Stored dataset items
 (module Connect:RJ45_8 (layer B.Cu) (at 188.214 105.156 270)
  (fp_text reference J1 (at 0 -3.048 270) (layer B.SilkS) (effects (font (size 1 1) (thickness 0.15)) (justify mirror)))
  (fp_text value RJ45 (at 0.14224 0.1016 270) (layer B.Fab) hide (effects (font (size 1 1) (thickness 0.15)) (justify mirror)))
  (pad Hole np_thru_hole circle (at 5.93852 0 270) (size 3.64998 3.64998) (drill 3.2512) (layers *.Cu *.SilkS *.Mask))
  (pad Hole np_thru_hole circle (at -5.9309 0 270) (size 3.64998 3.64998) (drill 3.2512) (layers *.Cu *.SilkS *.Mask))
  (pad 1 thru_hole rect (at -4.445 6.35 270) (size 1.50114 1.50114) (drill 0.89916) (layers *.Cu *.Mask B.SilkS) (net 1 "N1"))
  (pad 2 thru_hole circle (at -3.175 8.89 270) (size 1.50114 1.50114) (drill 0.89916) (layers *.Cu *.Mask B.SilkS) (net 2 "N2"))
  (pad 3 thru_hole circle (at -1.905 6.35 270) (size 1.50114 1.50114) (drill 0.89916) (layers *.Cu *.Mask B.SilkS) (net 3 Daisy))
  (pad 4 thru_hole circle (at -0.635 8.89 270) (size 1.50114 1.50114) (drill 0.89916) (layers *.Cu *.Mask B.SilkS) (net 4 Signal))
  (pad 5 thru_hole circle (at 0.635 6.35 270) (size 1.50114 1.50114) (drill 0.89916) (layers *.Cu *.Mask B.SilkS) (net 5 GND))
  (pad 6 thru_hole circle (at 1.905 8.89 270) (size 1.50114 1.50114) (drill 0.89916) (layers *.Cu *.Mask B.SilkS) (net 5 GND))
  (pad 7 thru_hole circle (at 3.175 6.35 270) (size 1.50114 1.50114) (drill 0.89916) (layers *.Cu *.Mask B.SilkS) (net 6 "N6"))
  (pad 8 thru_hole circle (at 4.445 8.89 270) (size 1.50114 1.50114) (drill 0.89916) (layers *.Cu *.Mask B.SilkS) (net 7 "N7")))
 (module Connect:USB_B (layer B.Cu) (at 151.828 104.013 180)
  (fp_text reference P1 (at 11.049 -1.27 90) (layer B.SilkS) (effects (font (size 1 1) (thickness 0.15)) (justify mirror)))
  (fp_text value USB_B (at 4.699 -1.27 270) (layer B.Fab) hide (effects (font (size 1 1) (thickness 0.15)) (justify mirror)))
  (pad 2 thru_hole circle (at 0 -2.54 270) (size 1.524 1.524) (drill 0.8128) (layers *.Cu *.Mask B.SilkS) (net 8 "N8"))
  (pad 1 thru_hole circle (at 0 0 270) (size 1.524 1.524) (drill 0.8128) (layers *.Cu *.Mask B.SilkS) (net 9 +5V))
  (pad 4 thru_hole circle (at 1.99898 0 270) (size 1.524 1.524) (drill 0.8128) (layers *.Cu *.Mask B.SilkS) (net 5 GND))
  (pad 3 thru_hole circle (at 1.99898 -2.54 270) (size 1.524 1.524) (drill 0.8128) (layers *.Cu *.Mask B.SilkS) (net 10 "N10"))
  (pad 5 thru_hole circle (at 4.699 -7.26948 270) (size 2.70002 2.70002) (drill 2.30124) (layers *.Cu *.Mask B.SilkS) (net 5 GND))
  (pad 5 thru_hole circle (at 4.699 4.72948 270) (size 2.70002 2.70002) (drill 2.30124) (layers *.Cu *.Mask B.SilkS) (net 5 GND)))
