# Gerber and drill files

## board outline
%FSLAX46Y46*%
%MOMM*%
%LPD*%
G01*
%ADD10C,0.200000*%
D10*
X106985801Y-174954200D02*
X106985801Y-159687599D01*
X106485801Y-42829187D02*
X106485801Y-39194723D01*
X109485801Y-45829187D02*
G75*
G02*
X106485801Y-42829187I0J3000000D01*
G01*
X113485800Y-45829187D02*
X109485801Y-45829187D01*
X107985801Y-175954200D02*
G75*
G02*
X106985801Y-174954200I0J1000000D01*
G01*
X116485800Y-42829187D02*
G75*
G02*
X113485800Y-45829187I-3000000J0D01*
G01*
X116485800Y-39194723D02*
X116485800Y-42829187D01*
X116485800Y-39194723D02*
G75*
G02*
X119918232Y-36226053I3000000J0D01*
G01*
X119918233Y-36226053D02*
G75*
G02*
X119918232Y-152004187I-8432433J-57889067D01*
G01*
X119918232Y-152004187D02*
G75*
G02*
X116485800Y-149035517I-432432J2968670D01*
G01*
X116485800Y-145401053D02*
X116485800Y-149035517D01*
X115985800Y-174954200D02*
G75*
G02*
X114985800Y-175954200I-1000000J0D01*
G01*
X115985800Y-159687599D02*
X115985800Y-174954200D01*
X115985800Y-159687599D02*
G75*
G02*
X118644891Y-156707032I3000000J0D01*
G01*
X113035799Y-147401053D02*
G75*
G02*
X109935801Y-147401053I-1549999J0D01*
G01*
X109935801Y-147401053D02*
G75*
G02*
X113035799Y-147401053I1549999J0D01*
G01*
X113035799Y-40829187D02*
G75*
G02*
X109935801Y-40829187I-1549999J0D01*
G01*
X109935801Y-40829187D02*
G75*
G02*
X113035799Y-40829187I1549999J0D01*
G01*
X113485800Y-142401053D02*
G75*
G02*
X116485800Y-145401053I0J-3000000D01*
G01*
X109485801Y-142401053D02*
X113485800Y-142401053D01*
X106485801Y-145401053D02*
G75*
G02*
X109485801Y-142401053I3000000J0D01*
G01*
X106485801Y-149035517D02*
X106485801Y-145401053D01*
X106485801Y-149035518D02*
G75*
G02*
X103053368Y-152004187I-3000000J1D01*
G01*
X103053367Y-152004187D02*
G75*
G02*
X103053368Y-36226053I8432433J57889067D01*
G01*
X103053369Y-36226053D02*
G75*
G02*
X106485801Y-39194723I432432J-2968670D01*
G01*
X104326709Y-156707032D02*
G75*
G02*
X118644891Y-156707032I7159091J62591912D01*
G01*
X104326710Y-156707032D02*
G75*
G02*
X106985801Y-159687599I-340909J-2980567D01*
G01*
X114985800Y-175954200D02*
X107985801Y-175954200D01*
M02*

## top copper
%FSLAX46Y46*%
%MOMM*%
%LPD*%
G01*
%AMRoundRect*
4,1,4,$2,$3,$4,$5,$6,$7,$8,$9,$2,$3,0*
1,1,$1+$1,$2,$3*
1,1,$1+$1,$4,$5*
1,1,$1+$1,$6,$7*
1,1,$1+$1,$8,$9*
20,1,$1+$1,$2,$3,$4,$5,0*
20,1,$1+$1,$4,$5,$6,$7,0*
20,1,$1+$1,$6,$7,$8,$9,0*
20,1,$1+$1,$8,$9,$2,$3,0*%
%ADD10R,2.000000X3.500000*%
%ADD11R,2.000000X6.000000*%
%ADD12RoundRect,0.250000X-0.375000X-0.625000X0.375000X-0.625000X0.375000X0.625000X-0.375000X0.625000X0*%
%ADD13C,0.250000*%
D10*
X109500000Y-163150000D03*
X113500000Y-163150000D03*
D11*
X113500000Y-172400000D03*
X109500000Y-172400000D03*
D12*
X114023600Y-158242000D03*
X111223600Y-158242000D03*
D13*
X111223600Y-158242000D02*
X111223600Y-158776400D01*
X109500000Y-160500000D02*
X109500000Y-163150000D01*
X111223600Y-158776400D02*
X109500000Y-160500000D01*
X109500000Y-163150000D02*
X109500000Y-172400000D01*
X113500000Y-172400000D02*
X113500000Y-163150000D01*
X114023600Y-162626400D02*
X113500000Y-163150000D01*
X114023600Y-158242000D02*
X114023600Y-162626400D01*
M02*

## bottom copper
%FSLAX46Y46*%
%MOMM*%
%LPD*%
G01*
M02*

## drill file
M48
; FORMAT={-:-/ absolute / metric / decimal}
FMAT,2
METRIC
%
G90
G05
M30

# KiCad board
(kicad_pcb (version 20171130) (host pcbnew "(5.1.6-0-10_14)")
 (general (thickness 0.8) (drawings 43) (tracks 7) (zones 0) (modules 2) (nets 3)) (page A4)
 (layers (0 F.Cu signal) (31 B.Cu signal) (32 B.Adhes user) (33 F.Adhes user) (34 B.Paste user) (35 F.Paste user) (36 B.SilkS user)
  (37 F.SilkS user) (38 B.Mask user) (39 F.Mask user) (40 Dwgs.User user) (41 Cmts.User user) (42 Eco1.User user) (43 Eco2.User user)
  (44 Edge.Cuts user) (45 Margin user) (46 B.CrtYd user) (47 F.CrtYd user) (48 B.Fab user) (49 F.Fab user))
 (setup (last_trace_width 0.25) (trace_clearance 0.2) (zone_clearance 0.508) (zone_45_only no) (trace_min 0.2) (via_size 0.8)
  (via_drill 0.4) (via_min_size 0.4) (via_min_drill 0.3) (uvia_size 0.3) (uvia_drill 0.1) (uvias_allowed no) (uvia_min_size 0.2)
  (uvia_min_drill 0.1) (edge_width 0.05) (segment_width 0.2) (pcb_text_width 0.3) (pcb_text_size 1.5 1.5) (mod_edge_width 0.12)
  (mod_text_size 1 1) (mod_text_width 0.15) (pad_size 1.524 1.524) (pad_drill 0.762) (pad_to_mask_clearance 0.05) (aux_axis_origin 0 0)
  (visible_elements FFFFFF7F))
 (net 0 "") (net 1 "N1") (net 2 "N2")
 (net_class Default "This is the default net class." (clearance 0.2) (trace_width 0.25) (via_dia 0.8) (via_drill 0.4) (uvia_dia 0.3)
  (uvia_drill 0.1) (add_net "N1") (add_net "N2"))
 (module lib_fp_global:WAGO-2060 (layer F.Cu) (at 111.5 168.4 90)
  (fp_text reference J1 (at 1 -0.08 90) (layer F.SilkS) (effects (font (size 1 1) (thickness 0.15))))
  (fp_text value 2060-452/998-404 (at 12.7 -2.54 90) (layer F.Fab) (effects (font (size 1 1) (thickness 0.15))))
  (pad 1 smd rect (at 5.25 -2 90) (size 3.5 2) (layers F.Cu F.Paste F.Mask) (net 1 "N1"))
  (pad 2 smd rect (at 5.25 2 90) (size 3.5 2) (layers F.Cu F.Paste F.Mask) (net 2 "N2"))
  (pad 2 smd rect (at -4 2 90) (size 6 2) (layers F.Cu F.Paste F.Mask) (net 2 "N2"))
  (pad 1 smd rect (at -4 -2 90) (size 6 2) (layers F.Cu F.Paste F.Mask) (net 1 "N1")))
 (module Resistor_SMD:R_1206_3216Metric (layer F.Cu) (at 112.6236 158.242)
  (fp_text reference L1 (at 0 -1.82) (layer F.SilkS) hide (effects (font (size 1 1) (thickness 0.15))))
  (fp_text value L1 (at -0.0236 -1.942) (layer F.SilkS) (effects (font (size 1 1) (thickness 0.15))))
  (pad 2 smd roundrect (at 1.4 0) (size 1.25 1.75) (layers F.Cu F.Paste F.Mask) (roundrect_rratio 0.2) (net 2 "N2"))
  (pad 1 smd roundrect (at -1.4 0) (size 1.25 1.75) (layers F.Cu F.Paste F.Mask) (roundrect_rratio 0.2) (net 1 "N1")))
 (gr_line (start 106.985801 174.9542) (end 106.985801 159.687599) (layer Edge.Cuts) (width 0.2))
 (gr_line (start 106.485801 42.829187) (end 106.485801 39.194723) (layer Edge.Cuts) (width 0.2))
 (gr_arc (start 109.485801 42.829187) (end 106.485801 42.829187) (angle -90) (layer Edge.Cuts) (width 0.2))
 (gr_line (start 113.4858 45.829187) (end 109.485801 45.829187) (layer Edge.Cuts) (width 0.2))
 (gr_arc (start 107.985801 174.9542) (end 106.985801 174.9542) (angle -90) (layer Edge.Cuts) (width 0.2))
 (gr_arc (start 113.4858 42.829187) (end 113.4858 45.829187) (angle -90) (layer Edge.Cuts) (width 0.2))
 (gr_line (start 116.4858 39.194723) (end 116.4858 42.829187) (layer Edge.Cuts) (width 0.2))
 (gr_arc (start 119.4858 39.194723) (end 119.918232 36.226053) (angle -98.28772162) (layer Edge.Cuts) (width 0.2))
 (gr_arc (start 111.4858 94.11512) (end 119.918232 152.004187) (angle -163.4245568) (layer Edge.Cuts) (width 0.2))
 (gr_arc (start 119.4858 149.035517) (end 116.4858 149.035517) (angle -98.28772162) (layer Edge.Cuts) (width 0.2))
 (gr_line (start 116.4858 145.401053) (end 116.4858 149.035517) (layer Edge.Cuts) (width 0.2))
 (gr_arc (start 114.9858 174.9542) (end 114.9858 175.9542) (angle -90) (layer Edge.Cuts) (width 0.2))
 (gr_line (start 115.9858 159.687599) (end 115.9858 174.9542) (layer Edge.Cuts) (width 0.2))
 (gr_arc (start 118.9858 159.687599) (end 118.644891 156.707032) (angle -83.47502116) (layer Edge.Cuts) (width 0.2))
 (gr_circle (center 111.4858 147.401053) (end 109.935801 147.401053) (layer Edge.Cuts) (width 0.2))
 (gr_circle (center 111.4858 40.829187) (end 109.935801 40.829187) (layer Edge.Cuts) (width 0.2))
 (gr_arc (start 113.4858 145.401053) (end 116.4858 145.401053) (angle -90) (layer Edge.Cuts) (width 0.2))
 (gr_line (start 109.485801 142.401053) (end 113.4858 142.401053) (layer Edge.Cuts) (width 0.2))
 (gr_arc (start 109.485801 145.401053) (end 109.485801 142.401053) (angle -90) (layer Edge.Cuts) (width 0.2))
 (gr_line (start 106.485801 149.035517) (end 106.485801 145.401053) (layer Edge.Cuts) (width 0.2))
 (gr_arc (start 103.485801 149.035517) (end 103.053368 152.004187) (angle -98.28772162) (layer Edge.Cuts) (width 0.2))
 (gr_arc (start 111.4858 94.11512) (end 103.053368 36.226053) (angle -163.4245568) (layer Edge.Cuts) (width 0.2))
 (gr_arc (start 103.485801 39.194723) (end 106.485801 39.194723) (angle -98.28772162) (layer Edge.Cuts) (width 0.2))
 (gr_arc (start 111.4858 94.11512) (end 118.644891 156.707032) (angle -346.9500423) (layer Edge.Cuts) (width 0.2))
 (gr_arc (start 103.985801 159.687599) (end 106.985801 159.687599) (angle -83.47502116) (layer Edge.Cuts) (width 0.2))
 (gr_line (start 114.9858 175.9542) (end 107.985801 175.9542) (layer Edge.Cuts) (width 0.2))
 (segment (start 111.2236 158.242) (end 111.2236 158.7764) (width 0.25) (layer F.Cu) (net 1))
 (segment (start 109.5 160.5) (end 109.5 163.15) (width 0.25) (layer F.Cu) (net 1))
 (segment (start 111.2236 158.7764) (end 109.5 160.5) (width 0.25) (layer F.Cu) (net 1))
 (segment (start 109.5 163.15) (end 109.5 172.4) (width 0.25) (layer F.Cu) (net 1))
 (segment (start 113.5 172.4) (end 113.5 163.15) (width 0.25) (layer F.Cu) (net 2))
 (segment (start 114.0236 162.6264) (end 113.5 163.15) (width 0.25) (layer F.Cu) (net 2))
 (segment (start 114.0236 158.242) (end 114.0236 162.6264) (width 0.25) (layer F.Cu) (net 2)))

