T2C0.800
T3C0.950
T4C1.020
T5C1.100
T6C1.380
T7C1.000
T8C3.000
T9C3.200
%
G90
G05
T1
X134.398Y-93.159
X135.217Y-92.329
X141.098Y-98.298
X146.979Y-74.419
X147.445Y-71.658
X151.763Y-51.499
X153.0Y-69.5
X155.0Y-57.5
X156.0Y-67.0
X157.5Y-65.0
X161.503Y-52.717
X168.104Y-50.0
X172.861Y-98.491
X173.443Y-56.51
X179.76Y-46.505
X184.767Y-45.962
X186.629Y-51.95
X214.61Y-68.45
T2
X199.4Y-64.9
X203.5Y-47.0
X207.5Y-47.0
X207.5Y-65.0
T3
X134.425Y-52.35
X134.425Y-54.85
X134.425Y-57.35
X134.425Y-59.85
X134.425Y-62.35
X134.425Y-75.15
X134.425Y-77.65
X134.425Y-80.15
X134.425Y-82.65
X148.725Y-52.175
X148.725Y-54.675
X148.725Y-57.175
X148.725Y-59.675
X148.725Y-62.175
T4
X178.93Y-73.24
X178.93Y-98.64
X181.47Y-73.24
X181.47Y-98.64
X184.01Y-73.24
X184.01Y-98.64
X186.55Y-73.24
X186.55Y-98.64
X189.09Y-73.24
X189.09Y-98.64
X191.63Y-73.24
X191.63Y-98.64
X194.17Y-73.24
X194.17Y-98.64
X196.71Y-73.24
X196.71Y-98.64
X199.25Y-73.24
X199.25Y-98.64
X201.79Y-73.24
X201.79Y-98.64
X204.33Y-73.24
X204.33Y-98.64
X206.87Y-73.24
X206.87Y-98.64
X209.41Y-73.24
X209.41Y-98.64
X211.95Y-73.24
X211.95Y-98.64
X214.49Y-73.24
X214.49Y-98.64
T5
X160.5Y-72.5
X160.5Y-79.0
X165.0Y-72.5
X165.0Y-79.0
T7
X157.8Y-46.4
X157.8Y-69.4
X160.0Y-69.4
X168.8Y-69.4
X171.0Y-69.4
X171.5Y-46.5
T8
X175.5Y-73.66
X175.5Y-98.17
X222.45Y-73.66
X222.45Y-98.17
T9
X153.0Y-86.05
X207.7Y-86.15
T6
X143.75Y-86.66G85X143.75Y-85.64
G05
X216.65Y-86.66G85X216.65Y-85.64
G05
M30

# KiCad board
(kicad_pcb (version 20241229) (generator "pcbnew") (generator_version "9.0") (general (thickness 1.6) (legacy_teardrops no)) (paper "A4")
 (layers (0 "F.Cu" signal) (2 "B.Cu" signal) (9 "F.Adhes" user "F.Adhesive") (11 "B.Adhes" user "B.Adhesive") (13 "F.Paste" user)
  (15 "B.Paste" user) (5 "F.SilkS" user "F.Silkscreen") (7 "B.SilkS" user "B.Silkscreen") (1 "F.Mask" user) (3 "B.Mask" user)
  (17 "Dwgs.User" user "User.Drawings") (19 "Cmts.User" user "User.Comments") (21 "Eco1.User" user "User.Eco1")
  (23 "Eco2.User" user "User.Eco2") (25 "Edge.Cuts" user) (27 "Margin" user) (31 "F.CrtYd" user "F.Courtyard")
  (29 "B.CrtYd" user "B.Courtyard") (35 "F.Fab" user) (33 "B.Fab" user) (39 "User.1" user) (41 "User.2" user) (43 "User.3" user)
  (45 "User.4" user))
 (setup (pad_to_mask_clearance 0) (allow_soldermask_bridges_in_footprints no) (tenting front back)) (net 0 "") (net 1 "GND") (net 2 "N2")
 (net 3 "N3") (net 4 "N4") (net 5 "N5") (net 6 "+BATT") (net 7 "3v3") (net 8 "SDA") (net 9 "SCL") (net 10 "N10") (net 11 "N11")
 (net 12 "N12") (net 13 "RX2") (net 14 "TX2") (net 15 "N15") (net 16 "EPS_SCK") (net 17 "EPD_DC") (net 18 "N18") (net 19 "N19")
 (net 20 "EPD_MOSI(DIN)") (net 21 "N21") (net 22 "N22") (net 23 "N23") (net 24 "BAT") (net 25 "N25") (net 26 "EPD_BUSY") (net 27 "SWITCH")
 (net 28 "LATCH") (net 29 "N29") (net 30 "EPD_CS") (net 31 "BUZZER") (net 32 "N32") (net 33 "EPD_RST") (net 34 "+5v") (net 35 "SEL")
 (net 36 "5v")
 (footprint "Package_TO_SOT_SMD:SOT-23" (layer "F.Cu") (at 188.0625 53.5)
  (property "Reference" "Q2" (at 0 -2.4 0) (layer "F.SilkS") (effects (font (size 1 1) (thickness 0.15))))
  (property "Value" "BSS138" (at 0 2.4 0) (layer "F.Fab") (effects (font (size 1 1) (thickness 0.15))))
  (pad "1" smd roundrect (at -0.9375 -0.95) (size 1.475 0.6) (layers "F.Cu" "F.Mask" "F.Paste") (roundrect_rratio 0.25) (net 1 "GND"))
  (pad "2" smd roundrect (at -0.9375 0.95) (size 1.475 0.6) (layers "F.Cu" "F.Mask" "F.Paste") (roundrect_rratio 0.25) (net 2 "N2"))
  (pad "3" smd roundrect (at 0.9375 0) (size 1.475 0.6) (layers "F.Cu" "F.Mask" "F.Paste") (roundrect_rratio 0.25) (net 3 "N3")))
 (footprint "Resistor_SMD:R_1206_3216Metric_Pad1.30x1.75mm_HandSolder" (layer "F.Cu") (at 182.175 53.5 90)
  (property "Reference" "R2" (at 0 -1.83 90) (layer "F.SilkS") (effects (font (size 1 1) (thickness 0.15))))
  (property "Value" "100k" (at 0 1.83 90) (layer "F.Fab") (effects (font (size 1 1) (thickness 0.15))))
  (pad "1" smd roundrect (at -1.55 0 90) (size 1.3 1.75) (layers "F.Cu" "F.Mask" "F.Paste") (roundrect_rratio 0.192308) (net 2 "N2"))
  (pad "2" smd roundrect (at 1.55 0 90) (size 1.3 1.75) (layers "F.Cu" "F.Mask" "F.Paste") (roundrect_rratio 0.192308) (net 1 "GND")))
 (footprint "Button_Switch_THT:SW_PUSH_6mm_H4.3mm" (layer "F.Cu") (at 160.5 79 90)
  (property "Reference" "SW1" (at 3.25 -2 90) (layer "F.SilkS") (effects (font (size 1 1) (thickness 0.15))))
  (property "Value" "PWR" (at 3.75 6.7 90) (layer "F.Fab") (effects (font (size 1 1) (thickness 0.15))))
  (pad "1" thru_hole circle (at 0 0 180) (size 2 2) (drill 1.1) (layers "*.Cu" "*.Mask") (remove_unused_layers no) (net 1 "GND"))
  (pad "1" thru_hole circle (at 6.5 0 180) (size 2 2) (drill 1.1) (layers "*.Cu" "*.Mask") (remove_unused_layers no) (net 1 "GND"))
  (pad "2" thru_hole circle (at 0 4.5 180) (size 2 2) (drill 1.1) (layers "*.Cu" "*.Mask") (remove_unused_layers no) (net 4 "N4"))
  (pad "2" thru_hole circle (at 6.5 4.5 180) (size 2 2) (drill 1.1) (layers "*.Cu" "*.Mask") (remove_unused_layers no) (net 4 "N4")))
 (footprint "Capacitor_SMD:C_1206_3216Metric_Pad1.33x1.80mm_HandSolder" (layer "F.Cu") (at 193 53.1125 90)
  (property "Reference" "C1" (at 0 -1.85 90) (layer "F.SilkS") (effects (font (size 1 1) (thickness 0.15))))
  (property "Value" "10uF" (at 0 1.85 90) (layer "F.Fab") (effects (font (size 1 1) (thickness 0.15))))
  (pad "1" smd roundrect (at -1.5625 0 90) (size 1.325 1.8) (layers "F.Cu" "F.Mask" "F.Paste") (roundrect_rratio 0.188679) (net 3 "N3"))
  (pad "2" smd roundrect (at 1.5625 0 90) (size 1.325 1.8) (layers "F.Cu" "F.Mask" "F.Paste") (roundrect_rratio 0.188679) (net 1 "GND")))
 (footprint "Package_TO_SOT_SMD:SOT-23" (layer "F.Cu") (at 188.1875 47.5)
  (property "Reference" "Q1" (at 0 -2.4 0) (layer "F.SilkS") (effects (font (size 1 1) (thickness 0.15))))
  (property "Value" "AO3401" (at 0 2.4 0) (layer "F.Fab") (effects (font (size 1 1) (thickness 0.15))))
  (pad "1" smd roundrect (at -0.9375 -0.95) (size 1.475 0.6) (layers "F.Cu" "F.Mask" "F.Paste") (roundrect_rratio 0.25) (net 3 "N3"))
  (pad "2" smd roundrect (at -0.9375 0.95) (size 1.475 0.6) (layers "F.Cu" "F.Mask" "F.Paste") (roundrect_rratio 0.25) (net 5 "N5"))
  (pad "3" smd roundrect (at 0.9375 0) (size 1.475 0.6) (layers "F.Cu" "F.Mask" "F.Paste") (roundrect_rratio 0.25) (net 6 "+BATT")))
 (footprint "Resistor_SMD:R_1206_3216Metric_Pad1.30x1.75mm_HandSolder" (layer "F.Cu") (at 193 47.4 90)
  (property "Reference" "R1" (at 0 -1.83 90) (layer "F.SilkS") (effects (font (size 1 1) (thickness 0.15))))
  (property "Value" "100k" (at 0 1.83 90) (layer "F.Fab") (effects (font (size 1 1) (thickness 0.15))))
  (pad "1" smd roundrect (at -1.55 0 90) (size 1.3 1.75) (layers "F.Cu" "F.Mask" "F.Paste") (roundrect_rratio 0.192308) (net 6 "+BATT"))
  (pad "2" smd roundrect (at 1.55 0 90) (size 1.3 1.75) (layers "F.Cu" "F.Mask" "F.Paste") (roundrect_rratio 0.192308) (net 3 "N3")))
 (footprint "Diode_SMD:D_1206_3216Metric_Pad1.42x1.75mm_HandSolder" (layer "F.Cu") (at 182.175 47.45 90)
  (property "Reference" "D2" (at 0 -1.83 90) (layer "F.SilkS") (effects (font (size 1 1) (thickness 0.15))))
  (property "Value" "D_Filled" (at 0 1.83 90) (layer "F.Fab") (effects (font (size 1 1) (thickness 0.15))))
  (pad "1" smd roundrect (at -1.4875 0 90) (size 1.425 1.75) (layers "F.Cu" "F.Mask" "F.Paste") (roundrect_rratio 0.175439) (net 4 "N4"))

## Assignment
Return exactly, and only, the lines above starting at the line that contains "X134.425Y-82.65" and ending at the line that contains "X199.25Y-73.24".

## Answer to this task
X134.425Y-82.65
X148.725Y-52.175
X148.725Y-54.675
X148.725Y-57.175
X148.725Y-59.675
X148.725Y-62.175
T4
X178.93Y-73.24
X178.93Y-98.64
X181.47Y-73.24
X181.47Y-98.64
X184.01Y-73.24
X184.01Y-98.64
X186.55Y-73.24
X186.55Y-98.64
X189.09Y-73.24
X189.09Y-98.64
X191.63Y-73.24
X191.63Y-98.64
X194.17Y-73.24
X194.17Y-98.64
X196.71Y-73.24
X196.71Y-98.64
X199.25Y-73.24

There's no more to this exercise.